*** Opening RECORDS PROVIDED ***

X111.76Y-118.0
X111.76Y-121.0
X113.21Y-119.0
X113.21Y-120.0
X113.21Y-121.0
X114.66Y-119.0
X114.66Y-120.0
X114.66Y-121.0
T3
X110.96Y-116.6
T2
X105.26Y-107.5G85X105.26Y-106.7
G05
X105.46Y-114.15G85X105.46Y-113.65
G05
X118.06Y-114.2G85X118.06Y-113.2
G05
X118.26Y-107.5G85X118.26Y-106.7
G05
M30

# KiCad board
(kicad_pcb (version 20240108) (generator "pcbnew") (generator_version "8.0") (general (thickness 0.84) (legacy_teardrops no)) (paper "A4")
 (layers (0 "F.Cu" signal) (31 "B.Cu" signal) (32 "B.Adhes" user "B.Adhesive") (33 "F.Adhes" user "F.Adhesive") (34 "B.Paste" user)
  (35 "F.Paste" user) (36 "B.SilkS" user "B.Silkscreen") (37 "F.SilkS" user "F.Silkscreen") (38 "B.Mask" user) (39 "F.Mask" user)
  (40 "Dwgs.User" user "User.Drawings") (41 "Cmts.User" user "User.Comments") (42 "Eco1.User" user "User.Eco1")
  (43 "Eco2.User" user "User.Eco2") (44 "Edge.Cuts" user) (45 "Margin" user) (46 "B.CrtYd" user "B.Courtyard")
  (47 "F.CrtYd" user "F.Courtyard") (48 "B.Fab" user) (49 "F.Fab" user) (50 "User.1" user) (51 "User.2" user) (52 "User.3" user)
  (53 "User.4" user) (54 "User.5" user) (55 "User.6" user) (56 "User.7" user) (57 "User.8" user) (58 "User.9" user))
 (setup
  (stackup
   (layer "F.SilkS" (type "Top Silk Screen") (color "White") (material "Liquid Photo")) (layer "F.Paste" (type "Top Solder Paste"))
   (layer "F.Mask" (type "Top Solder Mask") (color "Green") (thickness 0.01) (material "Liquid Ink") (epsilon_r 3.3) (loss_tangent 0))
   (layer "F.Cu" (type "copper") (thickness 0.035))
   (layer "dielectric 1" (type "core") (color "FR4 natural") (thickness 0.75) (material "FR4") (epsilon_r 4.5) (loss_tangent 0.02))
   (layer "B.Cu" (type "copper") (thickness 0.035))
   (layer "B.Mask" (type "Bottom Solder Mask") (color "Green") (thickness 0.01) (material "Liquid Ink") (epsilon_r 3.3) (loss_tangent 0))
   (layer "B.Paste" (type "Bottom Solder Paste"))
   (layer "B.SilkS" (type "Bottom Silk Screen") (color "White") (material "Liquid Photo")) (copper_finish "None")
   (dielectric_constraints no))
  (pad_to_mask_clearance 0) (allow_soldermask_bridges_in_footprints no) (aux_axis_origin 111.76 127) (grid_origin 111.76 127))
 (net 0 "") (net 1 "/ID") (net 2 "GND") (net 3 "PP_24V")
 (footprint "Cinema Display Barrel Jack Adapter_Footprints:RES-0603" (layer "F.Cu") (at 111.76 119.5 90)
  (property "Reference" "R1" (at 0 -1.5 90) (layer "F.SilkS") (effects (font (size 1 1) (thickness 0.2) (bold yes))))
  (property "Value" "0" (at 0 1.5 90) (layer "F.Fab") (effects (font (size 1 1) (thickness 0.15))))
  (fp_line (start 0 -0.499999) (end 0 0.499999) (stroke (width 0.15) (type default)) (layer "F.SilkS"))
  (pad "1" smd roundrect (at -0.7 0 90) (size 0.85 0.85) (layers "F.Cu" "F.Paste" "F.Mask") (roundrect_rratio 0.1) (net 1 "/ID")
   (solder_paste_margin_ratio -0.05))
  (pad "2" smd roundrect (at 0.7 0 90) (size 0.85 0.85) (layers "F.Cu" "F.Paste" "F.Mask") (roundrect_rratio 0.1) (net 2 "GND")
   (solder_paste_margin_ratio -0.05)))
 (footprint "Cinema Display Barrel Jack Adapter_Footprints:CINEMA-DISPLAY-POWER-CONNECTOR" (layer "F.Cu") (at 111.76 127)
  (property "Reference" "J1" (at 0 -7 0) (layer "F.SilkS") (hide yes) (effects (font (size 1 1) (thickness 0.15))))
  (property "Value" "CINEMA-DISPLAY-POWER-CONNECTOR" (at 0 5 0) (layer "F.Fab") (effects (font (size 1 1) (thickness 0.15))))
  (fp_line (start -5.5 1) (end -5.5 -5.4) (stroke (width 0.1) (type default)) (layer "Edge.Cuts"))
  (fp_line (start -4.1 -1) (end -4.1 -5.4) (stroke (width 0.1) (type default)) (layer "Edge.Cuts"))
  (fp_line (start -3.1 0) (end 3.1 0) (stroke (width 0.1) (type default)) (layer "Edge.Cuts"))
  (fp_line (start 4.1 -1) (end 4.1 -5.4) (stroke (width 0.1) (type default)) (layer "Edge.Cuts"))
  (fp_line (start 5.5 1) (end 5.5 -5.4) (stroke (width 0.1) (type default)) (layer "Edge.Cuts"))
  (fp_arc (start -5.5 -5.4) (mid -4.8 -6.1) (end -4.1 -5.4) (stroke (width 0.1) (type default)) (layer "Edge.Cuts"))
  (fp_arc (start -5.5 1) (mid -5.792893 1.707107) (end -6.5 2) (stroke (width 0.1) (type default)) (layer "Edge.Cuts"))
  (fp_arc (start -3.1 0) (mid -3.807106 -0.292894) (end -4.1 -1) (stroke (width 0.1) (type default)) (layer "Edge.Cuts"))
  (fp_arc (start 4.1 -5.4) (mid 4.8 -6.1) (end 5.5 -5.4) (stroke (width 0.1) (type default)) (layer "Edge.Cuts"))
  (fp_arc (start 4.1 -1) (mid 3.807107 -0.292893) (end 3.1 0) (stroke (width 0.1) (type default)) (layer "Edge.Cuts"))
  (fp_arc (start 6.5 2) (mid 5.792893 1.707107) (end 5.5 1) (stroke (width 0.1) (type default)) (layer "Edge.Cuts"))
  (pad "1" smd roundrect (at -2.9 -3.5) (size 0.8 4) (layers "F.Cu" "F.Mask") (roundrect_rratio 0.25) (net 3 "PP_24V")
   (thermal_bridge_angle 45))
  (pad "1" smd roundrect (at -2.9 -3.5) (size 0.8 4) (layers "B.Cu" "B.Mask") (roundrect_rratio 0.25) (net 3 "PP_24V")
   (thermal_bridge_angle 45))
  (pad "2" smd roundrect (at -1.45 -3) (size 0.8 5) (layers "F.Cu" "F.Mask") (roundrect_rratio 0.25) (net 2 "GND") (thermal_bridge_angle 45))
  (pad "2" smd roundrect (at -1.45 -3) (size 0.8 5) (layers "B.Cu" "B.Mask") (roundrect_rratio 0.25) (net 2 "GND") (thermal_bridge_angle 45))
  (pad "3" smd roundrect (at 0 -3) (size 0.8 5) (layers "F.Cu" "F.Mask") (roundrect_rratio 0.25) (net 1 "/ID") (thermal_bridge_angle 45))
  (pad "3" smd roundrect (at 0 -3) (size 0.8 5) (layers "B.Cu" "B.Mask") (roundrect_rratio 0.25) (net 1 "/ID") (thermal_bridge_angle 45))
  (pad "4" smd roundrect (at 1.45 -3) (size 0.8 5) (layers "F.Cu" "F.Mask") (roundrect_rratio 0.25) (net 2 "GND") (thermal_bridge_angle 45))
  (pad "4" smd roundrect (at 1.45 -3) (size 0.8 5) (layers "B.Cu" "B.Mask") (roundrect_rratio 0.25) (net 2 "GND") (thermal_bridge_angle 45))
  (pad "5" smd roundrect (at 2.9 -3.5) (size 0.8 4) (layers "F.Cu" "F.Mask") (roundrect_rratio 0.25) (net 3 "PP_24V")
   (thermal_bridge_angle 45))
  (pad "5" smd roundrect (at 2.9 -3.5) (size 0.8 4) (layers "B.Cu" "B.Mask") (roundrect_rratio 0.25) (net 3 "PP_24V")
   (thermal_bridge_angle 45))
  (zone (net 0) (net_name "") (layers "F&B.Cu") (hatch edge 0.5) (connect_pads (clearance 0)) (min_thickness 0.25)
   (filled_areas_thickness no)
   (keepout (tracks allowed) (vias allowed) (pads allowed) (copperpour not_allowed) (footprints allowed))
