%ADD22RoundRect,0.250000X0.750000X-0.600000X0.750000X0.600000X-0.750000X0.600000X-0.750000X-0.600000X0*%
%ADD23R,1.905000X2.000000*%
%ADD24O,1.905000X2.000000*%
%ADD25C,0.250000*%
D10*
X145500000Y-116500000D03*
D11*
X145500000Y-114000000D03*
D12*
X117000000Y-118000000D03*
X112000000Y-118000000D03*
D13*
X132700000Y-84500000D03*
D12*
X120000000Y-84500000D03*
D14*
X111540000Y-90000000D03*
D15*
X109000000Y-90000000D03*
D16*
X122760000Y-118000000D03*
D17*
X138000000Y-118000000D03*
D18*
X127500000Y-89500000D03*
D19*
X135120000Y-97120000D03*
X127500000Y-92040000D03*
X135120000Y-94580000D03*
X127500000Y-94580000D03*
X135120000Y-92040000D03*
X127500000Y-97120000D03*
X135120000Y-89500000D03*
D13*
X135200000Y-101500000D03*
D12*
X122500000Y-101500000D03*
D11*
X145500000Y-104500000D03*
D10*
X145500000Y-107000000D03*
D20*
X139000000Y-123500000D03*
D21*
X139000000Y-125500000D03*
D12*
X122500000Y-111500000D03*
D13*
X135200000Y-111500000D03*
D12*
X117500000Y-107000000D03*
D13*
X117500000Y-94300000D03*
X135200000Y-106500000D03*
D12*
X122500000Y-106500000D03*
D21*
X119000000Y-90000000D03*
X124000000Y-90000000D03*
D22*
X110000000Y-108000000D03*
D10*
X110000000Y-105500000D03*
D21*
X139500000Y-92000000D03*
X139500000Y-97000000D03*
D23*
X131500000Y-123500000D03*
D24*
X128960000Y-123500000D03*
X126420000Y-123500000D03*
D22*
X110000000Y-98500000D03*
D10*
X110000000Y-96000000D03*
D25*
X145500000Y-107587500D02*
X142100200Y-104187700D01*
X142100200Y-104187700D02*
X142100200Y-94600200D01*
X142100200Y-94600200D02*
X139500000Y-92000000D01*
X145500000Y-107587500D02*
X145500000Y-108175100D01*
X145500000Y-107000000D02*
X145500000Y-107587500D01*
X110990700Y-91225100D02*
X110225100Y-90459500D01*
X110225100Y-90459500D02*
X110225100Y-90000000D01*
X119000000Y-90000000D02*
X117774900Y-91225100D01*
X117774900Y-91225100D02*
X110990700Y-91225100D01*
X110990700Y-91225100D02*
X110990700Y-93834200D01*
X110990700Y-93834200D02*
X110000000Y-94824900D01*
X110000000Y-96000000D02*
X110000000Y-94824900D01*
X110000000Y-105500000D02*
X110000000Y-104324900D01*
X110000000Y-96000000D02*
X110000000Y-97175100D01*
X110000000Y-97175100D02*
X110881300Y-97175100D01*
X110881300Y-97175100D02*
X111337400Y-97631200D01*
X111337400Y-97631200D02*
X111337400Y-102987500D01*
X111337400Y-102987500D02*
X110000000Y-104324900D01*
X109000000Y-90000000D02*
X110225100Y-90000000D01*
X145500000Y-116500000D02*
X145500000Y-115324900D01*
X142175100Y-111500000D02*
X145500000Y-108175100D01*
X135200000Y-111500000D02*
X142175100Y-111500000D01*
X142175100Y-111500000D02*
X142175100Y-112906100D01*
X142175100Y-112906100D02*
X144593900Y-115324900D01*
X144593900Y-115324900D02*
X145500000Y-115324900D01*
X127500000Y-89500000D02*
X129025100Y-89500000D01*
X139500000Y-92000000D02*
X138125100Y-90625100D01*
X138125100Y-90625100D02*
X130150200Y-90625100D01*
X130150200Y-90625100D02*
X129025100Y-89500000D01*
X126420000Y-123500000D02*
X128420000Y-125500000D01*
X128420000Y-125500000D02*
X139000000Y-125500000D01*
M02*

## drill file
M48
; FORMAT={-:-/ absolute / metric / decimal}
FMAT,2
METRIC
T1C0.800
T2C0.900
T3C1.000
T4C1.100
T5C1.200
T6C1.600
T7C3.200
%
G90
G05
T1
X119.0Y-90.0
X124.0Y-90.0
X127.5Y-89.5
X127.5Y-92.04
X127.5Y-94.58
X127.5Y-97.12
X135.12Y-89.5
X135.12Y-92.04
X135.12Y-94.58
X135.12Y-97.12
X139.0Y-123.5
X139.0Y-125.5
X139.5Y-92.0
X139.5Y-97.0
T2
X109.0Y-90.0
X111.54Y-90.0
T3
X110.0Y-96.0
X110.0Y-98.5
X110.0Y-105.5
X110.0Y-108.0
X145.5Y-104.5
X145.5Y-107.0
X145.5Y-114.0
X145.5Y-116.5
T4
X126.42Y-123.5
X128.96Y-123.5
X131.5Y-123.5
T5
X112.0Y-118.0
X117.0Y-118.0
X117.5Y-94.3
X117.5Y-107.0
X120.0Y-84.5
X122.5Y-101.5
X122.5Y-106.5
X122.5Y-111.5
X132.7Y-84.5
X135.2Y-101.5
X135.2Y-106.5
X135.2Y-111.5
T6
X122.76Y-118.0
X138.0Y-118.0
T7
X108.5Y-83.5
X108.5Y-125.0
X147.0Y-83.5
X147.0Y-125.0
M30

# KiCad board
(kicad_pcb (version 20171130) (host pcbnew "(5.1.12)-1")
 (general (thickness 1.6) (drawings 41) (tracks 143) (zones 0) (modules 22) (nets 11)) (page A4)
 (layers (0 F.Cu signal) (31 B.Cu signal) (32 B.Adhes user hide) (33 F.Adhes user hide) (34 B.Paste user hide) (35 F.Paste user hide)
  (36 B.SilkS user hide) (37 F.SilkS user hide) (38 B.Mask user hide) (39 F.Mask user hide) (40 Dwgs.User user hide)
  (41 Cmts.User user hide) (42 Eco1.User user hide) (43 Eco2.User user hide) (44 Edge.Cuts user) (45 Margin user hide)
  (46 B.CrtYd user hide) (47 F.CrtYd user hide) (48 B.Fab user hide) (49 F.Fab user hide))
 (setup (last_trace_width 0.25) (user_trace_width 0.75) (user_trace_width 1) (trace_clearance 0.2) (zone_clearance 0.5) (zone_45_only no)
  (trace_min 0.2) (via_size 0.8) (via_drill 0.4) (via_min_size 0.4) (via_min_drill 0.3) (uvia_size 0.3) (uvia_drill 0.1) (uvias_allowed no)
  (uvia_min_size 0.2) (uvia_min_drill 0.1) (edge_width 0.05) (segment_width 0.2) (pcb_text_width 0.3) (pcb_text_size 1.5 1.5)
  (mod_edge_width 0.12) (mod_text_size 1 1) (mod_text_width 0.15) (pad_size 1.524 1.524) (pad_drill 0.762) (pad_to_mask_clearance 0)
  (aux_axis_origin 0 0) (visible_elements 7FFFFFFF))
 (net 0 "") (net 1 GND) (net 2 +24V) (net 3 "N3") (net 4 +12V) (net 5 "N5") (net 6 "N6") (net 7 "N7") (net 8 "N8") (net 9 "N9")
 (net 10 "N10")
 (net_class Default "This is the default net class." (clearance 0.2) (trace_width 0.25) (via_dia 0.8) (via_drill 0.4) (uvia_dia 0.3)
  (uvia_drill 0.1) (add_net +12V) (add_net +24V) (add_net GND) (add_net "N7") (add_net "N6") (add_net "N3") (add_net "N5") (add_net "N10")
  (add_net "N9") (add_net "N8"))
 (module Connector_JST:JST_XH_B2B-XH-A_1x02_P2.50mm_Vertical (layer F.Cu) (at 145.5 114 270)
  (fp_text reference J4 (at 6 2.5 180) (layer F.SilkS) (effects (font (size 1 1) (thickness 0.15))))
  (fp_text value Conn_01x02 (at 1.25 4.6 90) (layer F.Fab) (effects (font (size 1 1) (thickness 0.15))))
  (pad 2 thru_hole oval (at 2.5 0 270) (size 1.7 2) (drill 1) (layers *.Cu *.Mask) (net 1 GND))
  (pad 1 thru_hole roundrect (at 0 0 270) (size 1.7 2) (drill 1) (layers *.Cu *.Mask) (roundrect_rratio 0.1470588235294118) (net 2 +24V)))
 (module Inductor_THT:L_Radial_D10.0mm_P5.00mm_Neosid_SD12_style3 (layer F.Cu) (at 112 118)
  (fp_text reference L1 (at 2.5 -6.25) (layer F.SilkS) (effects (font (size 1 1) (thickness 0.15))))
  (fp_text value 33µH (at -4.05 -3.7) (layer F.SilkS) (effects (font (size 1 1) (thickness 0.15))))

*** Closing RECORDS PROVIDED ***

- _WHAT THE TASK ASKS_:
Take the records above and return, word for word, only the lines that fall from the line with "X124.0Y-90.0" to the line with "X110.0Y-108.0", both of them included.

- _WRITTEN RESPONSE_:
X124.0Y-90.0
X127.5Y-89.5
X127.5Y-92.04
X127.5Y-94.58
X127.5Y-97.12
X135.12Y-89.5
X135.12Y-92.04
X135.12Y-94.58
X135.12Y-97.12
X139.0Y-123.5
X139.0Y-125.5
X139.5Y-92.0
X139.5Y-97.0
T2
X109.0Y-90.0
X111.54Y-90.0
T3
X110.0Y-96.0
X110.0Y-98.5
X110.0Y-105.5
X110.0Y-108.0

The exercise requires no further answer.